*AIM OF THE TASK:*
Starting with the line that contains "(segment (start 70.13" and stopping after the line that contains "(segment (start 47.5", copy the entries below exactly. Include nothing else.
===
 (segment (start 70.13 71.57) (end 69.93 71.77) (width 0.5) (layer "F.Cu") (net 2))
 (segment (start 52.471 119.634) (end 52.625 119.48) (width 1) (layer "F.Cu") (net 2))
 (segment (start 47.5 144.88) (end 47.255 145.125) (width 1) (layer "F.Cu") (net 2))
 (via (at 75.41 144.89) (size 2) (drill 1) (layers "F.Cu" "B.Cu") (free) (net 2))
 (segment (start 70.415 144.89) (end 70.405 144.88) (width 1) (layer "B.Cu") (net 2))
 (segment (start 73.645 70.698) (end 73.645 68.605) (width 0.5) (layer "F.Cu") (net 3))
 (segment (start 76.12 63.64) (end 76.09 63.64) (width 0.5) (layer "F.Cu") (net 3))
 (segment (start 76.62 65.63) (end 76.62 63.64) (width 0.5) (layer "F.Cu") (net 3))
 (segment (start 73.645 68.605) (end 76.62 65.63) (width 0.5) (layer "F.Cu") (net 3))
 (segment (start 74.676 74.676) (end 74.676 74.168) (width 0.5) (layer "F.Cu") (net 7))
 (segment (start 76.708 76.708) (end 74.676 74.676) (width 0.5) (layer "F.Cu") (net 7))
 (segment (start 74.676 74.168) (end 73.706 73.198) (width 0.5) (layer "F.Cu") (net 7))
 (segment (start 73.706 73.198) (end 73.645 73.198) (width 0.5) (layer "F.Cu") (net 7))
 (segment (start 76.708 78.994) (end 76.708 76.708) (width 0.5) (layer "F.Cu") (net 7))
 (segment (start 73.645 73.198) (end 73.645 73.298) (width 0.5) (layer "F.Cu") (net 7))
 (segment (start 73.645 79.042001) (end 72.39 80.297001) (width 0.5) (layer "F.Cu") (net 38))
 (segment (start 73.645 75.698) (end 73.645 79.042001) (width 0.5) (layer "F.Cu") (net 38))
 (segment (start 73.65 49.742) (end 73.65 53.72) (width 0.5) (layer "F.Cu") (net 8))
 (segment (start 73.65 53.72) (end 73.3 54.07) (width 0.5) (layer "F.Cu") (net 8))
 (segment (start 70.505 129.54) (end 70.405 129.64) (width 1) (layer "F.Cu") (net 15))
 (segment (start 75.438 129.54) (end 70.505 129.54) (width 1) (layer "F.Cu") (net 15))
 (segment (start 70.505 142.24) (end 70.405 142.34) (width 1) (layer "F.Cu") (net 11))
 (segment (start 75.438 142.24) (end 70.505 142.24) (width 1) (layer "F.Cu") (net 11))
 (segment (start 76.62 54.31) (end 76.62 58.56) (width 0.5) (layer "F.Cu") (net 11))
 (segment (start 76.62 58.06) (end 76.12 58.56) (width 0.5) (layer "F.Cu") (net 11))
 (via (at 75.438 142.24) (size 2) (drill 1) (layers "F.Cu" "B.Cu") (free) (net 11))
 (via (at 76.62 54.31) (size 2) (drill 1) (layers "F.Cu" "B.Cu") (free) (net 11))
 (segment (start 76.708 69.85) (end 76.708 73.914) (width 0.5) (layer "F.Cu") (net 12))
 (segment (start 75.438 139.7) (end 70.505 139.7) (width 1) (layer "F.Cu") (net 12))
===
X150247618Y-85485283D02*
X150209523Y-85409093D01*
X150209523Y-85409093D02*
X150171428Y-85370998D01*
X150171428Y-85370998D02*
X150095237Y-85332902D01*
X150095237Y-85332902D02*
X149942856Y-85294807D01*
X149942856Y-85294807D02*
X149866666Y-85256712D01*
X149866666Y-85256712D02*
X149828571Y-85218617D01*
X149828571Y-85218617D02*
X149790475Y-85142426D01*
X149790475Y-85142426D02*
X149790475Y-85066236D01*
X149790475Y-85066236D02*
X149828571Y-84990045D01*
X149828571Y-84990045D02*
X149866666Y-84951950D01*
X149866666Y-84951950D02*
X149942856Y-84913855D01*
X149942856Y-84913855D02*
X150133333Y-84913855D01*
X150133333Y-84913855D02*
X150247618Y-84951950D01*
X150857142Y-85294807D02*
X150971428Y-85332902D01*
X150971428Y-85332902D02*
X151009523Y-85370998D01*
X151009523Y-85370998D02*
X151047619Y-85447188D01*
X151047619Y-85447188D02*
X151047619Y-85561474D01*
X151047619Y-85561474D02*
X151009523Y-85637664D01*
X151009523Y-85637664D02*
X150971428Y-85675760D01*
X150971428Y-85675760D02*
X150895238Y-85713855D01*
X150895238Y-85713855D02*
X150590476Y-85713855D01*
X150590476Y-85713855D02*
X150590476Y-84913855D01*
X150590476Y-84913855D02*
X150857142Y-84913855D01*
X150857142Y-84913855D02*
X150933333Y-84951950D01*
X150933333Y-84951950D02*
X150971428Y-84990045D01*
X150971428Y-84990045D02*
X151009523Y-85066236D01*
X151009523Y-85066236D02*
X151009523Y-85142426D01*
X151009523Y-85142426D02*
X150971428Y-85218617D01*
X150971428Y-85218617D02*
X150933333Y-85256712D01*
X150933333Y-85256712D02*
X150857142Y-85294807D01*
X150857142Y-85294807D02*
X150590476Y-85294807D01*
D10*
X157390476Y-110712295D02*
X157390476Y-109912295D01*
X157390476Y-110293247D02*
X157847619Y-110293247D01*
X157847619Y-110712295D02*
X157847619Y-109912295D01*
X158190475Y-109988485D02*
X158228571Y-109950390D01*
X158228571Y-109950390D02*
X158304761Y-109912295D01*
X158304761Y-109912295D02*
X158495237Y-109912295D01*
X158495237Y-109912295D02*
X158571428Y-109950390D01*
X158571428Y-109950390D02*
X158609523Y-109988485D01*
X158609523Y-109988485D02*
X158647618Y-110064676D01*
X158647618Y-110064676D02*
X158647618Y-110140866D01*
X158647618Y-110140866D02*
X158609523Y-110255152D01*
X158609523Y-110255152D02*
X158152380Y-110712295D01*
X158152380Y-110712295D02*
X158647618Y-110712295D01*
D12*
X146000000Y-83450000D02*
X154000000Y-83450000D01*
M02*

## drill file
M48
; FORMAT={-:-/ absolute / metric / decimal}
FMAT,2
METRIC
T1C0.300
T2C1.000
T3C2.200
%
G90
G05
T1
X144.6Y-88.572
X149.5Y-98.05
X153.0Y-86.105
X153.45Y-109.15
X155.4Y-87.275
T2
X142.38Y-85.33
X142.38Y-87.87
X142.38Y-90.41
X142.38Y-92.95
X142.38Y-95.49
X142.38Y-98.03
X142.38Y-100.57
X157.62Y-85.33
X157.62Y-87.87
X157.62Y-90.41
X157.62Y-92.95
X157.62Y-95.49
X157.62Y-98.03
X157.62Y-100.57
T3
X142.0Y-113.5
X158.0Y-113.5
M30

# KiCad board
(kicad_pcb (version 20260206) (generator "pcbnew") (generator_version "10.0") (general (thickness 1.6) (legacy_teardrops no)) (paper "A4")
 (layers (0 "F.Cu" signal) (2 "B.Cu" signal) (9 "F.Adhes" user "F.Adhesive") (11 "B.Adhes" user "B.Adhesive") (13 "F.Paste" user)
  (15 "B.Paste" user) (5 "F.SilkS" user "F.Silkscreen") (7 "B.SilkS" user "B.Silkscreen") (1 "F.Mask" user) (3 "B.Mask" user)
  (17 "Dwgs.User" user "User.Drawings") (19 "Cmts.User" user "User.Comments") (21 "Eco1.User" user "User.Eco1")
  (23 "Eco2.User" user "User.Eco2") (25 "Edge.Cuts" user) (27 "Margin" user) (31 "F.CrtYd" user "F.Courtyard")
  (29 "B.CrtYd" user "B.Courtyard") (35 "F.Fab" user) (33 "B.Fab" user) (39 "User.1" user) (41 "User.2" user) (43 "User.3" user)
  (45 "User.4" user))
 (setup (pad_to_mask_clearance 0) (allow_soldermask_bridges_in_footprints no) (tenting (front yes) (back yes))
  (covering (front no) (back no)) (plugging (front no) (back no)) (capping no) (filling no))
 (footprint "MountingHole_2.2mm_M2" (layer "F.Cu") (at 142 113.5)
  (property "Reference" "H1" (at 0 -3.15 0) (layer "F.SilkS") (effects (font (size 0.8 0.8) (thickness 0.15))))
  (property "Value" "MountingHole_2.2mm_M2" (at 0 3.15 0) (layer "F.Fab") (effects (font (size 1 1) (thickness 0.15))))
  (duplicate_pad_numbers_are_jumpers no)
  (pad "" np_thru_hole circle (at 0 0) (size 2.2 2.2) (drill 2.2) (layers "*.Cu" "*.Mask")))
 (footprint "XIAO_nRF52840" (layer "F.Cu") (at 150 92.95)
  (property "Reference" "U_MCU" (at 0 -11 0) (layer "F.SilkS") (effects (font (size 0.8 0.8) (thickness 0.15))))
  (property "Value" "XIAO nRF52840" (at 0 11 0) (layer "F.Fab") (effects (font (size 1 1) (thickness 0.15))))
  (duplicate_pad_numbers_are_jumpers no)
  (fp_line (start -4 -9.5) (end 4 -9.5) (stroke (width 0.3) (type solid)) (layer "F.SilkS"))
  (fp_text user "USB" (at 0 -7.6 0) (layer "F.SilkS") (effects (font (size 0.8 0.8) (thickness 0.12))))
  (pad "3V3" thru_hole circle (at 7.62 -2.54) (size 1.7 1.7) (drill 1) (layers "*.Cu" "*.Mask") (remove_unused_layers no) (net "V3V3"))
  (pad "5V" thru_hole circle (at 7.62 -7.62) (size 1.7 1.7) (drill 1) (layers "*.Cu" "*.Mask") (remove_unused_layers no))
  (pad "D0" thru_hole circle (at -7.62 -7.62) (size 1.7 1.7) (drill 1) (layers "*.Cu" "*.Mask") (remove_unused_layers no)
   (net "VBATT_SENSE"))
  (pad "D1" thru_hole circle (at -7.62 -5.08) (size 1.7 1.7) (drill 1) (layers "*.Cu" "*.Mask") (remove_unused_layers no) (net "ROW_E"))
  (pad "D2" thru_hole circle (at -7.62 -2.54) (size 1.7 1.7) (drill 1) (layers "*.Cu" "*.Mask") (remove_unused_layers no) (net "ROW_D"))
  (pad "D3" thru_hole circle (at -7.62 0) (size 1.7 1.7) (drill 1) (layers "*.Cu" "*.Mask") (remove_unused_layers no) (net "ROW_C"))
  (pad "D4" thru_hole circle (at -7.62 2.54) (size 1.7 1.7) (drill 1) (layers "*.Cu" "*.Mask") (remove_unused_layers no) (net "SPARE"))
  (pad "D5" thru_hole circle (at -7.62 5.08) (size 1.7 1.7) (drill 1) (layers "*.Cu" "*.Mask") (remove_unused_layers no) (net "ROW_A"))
===
*TASK OUTPUT:*
 (segment (start 70.13 71.57) (end 69.93 71.77) (width 0.5) (layer "F.Cu") (net 2))
 (segment (start 52.471 119.634) (end 52.625 119.48) (width 1) (layer "F.Cu") (net 2))
 (segment (start 47.5 144.88) (end 47.255 145.125) (width 1) (layer "F.Cu") (net 2))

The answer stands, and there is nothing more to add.